I agree. That's just annoying.


----------



## Buddy400 (Aug 30, 2014)

SlowlyGoingCrazy said:


> Is there a way you could get her in the mood before you get to the bedroom? Lay with her on the couch rubbing her thigh, kissing her in the kitchen while you guys are making dinner. Foreplay isn't just what happens in bed right before.
> If you're starting in bed with her at a 0 it might just be too hard for her to get into it.


But.... I think a problem with all of this "..start getting her in the mood earlier in the day.." stuff is that, if she is looking to avoid sex, these things will be seen as preludes to sex. Soon, she won't want the husband to do these things because she know what it's likely to lead to.


----------



## Ray83 (Sep 28, 2015)

Ok, point taken on not asking what she's thinking, thanks! The weight is a battle but its getting better. I've been working out for about a month and focusing on eating better. As far as foreplay beginning before the bedroom I agree, here's what I've found. Very rarely does she like to sit and cuddle on the couch, too much to do she says. I've been trying to help her with household stuff, not that I think it's her responsibility, but I've been trying to do more. In the last month or so she's cooked twice, she pointed that out to me, I've been trying to help more with laundry and dishes, etc etc, but she always says there's too much to do and she just can't relax. I've tried doing everything she's asked in order for her to feel more at peace when she comes home.


----------



## tech-novelist (May 15, 2014)

happy as a clam said:


> @technovelist... Are you advocating the dreaded "starfish sex"??
> 
> :lol:


I'm not advocating it, obviously.

But it is still a counter to the notion that someone can be "too tired for sex" and yet stay up later than usual to avoid sex.


----------



## happy as a clam (Jan 5, 2014)

technovelist said:


> I'm not advocating it, obviously.
> 
> But it is still a counter to the notion that someone can be "too tired for sex" and yet stay up later than usual to avoid sex.


:iagree:


----------



## NoSizeQueen (Sep 9, 2015)

If she says she's too tired, but she's staying up late to avoid you, then the question you should really be asking is...
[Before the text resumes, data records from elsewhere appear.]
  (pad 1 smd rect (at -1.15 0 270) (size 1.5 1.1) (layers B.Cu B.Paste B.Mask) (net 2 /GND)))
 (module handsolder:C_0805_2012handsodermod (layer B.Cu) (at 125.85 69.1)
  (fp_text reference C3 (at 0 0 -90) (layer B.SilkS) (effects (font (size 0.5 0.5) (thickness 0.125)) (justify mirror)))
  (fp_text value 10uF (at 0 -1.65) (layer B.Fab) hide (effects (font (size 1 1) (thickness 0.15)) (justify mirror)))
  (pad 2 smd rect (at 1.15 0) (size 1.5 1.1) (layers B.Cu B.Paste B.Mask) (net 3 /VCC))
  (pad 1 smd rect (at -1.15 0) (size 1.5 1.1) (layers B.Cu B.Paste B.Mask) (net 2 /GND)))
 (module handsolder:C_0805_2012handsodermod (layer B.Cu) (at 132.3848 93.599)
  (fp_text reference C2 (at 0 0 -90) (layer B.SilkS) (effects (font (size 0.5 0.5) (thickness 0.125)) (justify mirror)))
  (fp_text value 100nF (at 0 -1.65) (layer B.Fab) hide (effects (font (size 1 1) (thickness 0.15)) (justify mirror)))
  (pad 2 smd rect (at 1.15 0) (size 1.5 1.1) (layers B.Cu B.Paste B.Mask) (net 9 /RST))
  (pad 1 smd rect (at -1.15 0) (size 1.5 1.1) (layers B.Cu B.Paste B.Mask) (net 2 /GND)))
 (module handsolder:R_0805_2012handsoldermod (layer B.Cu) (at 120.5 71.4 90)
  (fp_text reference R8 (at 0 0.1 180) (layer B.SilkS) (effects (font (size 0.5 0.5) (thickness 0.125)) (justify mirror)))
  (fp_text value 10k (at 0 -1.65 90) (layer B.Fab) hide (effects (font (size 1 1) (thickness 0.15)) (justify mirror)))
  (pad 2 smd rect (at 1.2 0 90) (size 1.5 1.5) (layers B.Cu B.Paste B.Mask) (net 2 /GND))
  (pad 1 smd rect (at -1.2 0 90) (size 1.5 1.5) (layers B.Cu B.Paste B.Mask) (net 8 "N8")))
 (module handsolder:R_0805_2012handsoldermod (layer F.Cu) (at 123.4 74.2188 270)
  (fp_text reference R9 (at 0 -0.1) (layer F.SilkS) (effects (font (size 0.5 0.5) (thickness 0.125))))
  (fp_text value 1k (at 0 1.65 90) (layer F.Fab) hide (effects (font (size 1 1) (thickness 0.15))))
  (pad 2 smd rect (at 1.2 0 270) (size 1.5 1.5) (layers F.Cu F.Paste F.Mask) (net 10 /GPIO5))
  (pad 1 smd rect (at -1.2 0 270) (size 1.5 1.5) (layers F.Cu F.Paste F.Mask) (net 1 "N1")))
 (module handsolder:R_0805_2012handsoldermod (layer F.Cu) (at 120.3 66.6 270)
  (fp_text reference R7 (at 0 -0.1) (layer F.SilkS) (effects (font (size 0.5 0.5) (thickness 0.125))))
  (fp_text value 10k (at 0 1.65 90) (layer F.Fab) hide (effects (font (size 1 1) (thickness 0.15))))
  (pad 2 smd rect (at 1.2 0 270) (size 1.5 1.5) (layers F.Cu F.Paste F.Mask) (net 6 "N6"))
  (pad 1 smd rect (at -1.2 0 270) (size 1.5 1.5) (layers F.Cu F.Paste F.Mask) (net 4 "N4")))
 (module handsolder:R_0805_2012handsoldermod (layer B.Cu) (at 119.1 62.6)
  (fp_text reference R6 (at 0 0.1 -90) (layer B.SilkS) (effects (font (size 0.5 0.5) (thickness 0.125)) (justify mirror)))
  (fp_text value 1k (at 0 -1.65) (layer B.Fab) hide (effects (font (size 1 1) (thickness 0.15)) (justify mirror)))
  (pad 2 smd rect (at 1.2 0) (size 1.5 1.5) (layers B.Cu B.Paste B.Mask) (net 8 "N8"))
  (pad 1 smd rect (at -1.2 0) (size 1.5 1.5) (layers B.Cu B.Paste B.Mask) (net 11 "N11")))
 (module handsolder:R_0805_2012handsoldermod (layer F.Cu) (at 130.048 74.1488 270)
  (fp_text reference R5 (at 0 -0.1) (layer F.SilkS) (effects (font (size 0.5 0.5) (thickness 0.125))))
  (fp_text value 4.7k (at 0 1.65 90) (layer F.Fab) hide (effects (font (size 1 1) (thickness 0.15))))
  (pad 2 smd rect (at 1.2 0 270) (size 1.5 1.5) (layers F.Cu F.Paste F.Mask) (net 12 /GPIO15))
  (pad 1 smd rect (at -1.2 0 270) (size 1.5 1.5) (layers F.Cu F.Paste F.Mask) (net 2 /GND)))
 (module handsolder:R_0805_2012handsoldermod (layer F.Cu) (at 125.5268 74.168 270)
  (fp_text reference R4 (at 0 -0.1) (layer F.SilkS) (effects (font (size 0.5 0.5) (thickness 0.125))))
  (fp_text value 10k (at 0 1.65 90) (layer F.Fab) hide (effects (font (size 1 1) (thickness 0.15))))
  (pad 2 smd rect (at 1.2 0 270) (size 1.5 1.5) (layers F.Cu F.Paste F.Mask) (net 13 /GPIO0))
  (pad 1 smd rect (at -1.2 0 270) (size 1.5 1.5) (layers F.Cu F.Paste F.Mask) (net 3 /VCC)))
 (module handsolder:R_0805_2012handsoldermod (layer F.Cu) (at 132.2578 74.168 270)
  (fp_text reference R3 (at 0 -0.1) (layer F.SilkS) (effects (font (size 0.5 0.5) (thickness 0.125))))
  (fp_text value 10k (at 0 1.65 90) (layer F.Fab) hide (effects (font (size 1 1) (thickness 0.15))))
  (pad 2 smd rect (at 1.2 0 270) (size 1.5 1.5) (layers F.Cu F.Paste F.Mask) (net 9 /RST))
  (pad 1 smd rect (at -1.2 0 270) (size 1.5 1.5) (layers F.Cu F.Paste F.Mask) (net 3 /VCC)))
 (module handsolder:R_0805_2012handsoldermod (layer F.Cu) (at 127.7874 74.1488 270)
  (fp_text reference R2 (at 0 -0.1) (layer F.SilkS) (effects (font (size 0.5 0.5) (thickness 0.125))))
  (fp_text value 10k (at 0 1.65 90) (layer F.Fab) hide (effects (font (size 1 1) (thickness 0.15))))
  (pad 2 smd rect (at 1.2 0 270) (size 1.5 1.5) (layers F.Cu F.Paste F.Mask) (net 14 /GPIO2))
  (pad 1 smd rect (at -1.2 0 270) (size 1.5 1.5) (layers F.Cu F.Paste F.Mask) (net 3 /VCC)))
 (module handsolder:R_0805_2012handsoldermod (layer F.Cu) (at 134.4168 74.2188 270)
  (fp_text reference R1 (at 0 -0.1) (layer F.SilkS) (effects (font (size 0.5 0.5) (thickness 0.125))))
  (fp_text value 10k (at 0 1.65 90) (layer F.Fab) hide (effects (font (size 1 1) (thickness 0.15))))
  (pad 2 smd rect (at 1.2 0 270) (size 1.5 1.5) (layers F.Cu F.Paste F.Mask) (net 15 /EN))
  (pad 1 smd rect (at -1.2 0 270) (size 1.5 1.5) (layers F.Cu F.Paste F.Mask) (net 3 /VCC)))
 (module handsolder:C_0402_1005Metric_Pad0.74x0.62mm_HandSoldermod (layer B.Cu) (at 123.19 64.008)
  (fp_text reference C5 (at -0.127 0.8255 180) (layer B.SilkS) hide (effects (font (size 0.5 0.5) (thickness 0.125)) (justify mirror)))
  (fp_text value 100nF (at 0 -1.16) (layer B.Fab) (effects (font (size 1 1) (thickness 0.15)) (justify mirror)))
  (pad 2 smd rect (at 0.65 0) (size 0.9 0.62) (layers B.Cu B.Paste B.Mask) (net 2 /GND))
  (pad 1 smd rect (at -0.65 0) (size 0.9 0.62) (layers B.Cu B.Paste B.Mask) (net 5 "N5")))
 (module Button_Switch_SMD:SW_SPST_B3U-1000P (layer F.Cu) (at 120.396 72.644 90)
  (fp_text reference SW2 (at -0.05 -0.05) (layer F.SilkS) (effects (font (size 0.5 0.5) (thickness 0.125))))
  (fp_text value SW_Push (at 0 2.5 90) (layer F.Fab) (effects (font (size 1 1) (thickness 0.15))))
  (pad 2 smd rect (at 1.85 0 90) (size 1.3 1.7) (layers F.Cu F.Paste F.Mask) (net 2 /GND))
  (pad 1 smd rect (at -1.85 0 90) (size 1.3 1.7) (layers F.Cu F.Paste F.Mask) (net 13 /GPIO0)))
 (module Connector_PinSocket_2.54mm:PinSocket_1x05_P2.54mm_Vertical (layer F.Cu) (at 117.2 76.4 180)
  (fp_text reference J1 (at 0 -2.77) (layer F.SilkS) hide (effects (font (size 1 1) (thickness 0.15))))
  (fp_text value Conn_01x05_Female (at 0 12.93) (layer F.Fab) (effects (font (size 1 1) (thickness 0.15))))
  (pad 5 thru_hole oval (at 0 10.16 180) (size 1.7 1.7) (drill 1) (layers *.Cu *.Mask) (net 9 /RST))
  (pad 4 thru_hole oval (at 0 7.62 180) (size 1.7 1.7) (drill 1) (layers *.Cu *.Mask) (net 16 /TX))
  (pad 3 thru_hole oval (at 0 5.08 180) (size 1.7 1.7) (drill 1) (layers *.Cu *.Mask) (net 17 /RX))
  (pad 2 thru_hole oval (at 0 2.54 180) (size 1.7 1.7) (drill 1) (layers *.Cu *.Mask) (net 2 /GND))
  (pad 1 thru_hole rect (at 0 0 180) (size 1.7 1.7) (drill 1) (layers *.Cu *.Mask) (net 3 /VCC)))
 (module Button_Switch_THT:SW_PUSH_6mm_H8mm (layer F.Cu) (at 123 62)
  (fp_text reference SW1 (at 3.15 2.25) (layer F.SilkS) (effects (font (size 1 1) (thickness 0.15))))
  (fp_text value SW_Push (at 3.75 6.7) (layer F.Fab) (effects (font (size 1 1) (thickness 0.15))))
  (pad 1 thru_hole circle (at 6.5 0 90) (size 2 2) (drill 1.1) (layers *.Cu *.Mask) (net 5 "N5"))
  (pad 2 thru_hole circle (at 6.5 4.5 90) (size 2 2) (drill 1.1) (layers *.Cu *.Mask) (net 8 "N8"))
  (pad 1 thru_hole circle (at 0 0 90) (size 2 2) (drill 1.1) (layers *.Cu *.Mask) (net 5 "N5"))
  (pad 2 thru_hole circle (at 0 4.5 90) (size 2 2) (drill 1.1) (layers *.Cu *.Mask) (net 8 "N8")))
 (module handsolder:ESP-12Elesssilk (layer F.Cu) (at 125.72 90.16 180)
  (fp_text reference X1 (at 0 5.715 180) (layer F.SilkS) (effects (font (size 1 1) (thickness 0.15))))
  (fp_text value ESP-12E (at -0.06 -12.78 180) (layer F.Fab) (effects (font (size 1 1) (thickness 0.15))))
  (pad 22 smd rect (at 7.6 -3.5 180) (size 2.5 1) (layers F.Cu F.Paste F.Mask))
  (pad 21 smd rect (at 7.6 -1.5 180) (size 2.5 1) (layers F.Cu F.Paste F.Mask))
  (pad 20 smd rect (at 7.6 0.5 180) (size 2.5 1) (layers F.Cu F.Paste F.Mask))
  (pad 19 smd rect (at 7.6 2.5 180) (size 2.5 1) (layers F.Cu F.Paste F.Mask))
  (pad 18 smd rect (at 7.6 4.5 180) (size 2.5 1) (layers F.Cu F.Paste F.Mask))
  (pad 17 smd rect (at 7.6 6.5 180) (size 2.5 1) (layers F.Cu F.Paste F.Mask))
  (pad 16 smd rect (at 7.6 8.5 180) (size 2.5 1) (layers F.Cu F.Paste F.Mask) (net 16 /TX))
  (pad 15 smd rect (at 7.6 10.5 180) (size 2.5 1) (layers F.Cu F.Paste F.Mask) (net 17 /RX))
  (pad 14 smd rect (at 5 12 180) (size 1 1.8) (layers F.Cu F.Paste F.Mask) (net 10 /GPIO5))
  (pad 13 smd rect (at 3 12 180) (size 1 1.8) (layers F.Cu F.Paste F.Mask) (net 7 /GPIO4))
Why does she not feel comfortable just telling you no? What dynamic in your relationship makes her feel like it's better to avoid you, than to be honest with you?


----------



## badsanta (Oct 13, 2014)

Ray83 said:


> A couple days ago *my wife told me* there are times she purposely stays up late to make sure I'm asleep when she gets to bed so we don't have to have sex.



Consider yourself very lucky!!!!!!!

The fact that your wife told you this at least give you a chance to discuss the topic between the two of you. In my opinion most wives would never share information this directly with their husband on tactics they use to avoid sex. 
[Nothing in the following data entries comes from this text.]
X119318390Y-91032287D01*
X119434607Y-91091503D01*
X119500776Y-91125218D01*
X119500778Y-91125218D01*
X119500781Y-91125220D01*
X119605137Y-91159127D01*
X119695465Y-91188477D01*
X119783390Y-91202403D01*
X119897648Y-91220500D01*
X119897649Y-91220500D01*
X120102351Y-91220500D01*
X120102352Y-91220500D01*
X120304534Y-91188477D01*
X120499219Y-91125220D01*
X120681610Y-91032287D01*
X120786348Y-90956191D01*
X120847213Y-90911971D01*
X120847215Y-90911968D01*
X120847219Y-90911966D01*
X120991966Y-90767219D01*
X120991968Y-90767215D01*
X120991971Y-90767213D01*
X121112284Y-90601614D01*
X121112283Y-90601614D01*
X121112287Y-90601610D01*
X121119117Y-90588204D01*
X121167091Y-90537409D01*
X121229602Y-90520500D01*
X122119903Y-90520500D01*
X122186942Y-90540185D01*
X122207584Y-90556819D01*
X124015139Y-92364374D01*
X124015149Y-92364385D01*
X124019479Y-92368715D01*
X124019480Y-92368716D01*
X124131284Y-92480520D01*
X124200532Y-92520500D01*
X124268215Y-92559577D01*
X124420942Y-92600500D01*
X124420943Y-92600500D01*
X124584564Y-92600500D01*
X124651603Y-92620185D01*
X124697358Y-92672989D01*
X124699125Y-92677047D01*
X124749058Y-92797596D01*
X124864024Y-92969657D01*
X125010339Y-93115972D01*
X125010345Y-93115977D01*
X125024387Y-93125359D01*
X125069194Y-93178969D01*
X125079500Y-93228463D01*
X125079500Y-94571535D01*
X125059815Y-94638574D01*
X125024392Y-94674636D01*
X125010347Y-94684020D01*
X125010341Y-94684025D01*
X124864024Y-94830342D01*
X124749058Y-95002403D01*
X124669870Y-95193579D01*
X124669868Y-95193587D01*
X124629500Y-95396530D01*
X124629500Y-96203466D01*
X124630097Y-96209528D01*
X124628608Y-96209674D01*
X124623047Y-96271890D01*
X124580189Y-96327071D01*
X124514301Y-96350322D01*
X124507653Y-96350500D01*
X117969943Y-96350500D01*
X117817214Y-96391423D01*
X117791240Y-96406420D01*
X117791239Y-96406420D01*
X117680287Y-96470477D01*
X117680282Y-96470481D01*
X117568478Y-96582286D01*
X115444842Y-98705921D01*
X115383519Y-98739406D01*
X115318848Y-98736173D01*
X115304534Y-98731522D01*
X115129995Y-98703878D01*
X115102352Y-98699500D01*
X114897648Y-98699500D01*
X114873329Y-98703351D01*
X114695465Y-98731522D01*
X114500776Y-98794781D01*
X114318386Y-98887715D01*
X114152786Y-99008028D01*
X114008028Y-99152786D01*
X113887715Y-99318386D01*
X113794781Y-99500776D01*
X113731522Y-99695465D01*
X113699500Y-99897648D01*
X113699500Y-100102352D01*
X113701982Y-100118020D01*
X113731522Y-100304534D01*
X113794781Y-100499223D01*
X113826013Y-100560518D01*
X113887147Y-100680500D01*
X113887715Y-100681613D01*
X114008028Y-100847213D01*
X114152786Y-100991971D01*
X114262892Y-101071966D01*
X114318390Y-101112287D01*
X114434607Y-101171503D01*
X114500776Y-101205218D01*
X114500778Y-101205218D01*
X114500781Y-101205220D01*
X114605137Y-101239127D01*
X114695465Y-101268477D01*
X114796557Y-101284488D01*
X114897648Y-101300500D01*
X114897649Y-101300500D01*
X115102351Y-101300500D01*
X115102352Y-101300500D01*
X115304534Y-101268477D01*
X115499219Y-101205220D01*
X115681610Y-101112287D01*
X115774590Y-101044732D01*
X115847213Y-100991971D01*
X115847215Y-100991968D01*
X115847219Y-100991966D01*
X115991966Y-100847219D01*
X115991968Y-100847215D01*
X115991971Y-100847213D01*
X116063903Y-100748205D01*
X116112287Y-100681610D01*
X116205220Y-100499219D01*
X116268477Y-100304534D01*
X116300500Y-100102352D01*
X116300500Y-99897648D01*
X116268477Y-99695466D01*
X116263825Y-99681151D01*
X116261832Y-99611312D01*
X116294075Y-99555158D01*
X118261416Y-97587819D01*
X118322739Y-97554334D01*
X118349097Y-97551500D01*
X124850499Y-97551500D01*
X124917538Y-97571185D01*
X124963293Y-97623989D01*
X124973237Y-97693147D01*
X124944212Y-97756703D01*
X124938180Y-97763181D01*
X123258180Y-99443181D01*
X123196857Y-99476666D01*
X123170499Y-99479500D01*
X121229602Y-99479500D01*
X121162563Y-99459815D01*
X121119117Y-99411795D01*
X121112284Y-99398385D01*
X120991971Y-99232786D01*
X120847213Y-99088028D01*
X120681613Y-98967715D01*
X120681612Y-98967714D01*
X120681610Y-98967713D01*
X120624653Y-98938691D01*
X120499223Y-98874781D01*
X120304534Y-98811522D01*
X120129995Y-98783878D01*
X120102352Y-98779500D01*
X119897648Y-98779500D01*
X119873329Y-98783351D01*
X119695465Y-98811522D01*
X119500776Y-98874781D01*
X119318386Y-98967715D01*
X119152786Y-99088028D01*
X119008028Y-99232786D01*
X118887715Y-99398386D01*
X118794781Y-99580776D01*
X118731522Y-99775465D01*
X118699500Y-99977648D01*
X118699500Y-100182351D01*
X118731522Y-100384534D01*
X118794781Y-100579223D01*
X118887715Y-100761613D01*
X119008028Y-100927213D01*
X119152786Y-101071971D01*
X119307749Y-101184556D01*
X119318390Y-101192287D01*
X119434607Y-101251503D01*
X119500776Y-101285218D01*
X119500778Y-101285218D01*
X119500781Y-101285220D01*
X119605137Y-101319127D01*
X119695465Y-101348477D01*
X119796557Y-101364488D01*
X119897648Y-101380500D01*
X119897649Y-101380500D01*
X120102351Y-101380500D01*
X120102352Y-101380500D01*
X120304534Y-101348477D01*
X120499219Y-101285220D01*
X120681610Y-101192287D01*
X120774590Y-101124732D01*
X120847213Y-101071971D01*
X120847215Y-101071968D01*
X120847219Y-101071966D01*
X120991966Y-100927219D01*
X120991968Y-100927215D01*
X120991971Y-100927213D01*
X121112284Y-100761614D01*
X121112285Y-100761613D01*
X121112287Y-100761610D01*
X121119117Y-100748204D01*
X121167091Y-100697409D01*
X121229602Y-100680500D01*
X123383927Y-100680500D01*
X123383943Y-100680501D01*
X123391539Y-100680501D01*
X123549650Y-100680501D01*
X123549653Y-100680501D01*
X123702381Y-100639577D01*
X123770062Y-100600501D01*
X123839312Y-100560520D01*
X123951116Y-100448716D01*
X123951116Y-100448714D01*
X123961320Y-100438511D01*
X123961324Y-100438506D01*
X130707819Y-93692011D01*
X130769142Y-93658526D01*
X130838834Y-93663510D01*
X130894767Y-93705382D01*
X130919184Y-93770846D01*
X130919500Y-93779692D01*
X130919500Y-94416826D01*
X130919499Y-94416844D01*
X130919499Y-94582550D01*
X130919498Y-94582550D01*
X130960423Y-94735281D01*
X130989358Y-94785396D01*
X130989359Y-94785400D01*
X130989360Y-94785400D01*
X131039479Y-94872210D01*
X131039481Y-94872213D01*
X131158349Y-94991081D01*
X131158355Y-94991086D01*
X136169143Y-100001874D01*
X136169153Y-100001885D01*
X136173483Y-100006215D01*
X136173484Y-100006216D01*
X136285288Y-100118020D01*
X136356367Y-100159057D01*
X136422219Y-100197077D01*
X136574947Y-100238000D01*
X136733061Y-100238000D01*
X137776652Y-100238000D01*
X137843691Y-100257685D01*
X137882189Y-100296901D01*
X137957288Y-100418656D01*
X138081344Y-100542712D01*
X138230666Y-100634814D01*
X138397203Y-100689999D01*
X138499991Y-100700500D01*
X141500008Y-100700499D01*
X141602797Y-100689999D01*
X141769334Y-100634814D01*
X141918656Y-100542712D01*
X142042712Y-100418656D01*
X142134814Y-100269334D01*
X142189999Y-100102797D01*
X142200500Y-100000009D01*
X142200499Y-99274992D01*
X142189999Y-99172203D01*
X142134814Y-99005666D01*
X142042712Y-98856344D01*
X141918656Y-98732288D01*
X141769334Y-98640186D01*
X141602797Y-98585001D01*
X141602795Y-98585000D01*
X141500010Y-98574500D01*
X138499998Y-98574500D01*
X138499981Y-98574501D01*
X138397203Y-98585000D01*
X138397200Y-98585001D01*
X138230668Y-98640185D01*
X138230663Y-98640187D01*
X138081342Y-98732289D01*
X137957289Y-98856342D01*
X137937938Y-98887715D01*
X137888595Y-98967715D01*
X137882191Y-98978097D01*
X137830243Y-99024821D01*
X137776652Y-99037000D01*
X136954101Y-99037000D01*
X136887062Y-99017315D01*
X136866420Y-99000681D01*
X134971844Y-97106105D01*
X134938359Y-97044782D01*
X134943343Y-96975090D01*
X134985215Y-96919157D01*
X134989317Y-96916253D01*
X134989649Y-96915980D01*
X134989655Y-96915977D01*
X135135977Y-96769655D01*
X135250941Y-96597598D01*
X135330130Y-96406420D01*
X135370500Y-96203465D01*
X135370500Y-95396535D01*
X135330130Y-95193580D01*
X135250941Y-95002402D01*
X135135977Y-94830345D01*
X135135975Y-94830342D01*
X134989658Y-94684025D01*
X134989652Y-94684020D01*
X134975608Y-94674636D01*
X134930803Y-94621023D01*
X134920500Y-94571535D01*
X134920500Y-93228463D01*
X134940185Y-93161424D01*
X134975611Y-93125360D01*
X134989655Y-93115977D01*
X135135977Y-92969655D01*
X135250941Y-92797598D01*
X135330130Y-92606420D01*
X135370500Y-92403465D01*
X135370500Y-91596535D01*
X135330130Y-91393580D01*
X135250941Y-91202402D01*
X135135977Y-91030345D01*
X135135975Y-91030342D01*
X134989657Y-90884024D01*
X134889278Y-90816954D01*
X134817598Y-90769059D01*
WHY she did it is obviously something to work out, but the fact she was willing to talk to you about it is likely almost unheard of with other couples in similar situations. So what ever you do, be sure to react positively about her opening up so that you can have a fighting chance to find a compromise to your problems. 

Communication and trust are paramount in any relationship, and the fact she told you this is a sign you have a good foundation. 

Now getting as to "why" she avoids sex... May not be your case, but in most relationships men judge the quality of sex based on the strength of the female's orgasm. When it does not happen, behaviors in lovemaking drastically change to for the male to try and force the female to orgasm. DO NOT DO THIS!!!! For women lovemaking is about an emotional connection and knowing that they are desired by their husbands, sometimes that comes with an orgasm for her and sometimes it does not. Instead of asking how her orgasm was, afterwards simply tell her about what you adore the most about her while making love...

Cheers, 
Badsanta


----------



## WorkingOnMe (Mar 17, 2012)

Responsive desire. Key word, responsive. If she's not responsive she doesn't have responsive desire. This looks more like an aversion than rd.


----------



## Ray83 (Sep 28, 2015)

Badsanta, thank you for your thoughts!! I'll be sure to talk to her about it in a positive way. As far as her orgasms, she rarely has them from piv alone. She prefers orgasms after sex so whenever she wants one I'm more than happy to lend a hand. We've come to the understanding that when she wants one she'll let me know, otherwise I don't bring it up or push it.


----------



## NoSizeQueen (Sep 9, 2015)

What is your usual reaction when she says she's too tired? Is it likely to lead to a discussion/argument?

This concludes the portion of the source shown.